Stored data:
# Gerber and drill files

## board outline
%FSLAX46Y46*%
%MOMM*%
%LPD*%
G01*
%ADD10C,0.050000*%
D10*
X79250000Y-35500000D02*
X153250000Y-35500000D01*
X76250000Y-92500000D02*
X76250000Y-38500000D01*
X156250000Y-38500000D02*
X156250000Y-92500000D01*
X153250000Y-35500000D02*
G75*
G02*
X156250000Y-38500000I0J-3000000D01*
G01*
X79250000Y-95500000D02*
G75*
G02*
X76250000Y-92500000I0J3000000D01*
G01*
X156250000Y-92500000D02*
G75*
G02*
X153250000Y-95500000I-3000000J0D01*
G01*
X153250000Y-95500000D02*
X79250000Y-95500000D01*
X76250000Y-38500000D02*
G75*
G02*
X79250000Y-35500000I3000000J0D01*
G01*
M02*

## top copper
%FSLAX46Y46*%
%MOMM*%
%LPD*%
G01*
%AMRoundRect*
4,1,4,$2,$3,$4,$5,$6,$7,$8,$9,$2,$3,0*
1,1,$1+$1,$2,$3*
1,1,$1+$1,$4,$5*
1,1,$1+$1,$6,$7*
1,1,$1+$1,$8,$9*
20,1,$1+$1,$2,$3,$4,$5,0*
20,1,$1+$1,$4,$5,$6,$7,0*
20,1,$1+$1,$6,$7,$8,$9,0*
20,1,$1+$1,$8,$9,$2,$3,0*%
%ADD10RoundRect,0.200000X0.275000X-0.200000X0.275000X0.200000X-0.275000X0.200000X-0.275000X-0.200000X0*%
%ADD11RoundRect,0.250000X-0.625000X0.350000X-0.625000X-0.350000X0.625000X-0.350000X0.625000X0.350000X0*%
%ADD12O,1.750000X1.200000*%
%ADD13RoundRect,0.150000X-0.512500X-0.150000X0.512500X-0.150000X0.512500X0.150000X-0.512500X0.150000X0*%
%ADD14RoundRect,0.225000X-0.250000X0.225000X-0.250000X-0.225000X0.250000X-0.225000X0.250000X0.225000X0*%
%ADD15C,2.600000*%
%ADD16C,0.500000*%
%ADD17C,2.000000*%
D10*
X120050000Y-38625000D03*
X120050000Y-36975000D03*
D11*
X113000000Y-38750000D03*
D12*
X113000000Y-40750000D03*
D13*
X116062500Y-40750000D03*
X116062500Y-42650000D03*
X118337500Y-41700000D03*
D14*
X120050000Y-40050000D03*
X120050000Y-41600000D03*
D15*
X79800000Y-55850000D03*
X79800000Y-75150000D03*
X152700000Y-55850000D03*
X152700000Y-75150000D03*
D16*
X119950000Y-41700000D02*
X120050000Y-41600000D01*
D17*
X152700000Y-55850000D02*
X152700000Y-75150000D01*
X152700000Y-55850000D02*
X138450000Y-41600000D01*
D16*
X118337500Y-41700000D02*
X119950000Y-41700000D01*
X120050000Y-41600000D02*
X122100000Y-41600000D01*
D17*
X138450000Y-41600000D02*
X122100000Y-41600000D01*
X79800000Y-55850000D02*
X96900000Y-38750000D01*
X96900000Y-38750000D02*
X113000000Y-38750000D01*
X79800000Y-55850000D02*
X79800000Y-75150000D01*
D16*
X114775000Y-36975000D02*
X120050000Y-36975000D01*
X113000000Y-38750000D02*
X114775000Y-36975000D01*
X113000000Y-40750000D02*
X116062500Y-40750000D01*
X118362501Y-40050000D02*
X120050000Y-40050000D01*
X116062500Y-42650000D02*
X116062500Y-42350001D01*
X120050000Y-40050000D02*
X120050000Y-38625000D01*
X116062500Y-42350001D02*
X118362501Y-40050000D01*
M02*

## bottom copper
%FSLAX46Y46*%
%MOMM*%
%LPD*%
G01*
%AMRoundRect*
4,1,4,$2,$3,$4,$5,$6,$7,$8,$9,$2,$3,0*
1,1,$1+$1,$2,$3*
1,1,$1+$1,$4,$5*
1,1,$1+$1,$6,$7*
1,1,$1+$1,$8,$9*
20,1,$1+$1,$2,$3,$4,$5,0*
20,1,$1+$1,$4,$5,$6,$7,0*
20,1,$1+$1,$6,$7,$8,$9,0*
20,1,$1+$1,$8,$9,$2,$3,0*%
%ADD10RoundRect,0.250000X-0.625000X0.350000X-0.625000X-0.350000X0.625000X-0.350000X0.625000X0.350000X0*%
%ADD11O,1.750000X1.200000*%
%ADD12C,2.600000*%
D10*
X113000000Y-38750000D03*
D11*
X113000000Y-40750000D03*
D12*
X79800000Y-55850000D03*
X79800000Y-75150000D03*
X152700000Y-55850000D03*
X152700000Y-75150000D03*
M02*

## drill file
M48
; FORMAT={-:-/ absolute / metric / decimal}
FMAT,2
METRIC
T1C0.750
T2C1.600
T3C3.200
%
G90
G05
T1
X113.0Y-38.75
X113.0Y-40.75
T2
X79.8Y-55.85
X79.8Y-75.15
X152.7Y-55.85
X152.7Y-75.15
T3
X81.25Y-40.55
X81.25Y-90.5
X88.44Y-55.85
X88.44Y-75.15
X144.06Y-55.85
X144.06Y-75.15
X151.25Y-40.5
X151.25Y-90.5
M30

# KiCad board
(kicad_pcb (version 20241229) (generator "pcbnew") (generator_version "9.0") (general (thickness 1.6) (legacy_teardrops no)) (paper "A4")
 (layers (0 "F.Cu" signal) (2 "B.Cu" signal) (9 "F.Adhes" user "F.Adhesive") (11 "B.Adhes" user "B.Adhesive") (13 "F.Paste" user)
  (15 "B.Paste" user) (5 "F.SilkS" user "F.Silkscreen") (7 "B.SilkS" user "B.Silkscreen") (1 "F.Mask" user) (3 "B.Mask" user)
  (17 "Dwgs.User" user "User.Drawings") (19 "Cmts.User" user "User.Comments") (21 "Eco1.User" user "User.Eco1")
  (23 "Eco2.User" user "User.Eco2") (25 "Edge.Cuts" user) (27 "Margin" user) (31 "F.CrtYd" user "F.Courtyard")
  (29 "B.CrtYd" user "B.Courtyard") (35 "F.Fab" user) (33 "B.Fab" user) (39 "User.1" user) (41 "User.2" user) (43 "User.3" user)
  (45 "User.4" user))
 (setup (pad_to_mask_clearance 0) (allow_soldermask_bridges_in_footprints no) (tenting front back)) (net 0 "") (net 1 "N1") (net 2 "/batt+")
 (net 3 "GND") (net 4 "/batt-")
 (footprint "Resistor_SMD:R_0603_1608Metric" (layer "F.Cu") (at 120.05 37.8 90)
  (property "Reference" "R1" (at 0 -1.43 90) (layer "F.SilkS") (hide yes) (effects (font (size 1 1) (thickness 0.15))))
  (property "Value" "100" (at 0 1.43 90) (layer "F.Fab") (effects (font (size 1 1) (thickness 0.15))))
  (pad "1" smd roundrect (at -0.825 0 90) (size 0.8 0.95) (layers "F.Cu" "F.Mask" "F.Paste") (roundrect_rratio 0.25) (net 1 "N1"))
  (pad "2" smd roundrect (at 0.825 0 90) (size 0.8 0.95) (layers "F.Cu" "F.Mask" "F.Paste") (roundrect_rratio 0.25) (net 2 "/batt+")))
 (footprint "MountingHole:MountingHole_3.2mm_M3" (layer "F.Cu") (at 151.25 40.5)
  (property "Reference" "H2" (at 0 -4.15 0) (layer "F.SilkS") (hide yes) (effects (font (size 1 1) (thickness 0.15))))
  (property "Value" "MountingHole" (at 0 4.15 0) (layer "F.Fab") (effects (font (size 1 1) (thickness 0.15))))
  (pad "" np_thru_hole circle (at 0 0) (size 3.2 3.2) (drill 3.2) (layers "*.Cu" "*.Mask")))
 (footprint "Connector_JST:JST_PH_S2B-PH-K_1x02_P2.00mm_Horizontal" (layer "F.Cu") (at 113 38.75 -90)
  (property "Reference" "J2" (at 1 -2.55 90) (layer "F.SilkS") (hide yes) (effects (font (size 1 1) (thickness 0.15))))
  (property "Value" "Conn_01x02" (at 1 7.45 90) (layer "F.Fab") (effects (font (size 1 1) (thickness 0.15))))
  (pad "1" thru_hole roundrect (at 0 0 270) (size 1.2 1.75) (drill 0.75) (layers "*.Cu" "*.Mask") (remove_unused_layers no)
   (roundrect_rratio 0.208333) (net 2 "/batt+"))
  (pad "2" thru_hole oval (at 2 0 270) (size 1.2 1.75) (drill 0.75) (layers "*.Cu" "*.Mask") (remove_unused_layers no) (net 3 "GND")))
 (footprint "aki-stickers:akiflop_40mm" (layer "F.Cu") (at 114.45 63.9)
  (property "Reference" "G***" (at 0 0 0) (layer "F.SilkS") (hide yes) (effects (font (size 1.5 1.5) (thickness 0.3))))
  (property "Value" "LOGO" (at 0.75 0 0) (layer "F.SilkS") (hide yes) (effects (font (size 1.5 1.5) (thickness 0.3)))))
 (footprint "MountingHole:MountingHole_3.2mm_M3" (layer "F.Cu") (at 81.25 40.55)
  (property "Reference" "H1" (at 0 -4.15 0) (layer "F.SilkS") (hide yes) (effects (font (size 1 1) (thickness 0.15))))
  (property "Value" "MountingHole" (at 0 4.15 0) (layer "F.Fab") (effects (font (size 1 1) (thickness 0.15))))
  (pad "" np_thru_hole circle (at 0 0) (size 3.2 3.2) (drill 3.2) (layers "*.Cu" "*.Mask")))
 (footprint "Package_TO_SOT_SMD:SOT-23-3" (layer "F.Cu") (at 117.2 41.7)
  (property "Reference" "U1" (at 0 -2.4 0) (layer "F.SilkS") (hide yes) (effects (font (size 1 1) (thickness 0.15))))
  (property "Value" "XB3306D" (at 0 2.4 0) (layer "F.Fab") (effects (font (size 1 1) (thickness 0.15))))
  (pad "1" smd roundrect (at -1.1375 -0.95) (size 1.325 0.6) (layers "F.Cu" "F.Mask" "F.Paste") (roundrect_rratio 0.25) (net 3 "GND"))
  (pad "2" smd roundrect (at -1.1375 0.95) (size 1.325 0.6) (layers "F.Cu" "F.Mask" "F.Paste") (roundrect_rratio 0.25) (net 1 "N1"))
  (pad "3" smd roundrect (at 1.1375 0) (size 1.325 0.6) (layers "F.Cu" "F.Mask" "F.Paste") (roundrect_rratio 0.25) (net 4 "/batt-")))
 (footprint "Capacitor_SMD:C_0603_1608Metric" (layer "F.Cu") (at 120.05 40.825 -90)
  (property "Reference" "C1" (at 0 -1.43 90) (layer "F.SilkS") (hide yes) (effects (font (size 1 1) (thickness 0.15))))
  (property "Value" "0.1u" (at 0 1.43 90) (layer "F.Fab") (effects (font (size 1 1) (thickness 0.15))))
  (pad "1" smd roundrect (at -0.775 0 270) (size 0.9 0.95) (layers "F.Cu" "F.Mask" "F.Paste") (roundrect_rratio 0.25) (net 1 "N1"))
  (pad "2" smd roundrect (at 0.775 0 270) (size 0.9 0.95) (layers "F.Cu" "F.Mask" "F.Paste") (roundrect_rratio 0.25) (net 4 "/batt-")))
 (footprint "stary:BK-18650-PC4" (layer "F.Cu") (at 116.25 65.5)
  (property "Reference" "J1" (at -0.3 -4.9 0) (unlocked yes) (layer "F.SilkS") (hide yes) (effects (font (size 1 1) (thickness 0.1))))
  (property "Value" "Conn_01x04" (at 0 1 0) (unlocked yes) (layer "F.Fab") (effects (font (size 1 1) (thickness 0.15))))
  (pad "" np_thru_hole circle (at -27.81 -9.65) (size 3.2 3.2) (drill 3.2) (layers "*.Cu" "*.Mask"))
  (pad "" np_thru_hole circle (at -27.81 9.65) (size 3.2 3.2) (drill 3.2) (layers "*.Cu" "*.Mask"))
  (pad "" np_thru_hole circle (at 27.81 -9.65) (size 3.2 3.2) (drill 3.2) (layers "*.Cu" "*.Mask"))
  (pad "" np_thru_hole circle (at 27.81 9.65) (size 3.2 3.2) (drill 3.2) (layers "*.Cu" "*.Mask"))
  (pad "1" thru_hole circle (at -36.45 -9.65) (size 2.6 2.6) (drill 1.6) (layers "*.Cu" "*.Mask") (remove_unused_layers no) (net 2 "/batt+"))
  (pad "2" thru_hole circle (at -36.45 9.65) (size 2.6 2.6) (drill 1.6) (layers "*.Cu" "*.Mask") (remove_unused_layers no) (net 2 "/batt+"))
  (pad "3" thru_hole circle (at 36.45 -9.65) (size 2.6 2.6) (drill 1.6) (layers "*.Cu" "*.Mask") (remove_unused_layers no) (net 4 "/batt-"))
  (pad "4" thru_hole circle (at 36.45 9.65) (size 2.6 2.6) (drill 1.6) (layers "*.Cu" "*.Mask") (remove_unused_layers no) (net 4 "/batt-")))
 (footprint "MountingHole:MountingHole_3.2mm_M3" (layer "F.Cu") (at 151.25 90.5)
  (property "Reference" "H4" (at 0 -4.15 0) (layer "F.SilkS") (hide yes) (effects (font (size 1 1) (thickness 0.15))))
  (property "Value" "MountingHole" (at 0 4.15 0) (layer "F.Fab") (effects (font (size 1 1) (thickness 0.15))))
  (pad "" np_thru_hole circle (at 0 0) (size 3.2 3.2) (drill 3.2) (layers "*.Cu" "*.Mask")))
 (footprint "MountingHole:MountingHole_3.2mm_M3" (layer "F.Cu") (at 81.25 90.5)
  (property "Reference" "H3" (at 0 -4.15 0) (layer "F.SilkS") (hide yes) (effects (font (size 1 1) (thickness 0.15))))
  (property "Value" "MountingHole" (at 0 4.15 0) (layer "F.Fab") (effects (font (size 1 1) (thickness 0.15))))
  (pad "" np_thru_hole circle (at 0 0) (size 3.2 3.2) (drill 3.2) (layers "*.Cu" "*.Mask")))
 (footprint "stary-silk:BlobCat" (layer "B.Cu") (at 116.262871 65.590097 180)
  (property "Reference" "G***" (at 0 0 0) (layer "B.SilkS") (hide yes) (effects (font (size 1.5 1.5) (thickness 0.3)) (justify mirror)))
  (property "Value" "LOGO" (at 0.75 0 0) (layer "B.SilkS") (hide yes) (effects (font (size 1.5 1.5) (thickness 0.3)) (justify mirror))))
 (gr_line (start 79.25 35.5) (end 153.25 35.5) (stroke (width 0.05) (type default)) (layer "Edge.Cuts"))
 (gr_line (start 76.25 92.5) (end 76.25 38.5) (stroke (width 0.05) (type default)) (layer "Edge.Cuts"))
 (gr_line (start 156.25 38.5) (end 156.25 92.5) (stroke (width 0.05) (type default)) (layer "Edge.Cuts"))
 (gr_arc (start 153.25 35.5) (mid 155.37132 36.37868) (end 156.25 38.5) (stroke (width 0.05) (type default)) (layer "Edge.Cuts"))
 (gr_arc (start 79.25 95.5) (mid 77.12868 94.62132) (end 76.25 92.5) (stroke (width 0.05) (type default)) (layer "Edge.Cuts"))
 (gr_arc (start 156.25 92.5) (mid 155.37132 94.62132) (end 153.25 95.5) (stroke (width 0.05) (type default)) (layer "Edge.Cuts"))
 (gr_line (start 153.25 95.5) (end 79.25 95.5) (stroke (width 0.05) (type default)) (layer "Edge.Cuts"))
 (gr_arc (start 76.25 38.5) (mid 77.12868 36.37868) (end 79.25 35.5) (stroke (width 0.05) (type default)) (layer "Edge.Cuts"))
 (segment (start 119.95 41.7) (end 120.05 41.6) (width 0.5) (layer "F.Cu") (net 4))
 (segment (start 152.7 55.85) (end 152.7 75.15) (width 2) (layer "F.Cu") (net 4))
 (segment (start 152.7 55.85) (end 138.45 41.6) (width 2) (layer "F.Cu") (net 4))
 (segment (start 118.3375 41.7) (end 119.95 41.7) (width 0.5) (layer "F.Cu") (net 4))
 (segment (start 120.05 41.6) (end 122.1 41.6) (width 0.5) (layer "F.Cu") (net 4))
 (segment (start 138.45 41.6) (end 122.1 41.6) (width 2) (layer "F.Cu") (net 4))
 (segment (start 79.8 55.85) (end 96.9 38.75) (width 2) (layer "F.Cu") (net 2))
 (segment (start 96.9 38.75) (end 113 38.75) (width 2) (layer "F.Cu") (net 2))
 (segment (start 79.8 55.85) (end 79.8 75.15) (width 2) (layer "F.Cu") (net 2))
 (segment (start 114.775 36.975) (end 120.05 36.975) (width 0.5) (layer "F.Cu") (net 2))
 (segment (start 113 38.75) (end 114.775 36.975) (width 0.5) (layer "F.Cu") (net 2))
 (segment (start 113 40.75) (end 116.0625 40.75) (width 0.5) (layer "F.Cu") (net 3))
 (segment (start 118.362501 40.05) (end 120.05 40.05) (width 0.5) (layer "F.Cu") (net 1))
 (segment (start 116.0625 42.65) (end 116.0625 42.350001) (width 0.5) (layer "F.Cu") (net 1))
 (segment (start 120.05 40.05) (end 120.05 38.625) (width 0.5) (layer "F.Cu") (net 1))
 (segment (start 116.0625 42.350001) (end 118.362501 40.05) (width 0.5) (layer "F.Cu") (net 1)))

Exercise directions » What you should output is every line of the records above, from the first through the line containing "## top copper", unchanged.

Exercise result »
# Gerber and drill files

## board outline
%FSLAX46Y46*%
%MOMM*%
%LPD*%
G01*
%ADD10C,0.050000*%
D10*
X79250000Y-35500000D02*
X153250000Y-35500000D01*
X76250000Y-92500000D02*
X76250000Y-38500000D01*
X156250000Y-38500000D02*
X156250000Y-92500000D01*
X153250000Y-35500000D02*
G75*
G02*
X156250000Y-38500000I0J-3000000D01*
G01*
X79250000Y-95500000D02*
G75*
G02*
X76250000Y-92500000I0J3000000D01*
G01*
X156250000Y-92500000D02*
G75*
G02*
X153250000Y-95500000I-3000000J0D01*
G01*
X153250000Y-95500000D02*
X79250000Y-95500000D01*
X76250000Y-38500000D02*
G75*
G02*
X79250000Y-35500000I3000000J0D01*
G01*
M02*

## top copper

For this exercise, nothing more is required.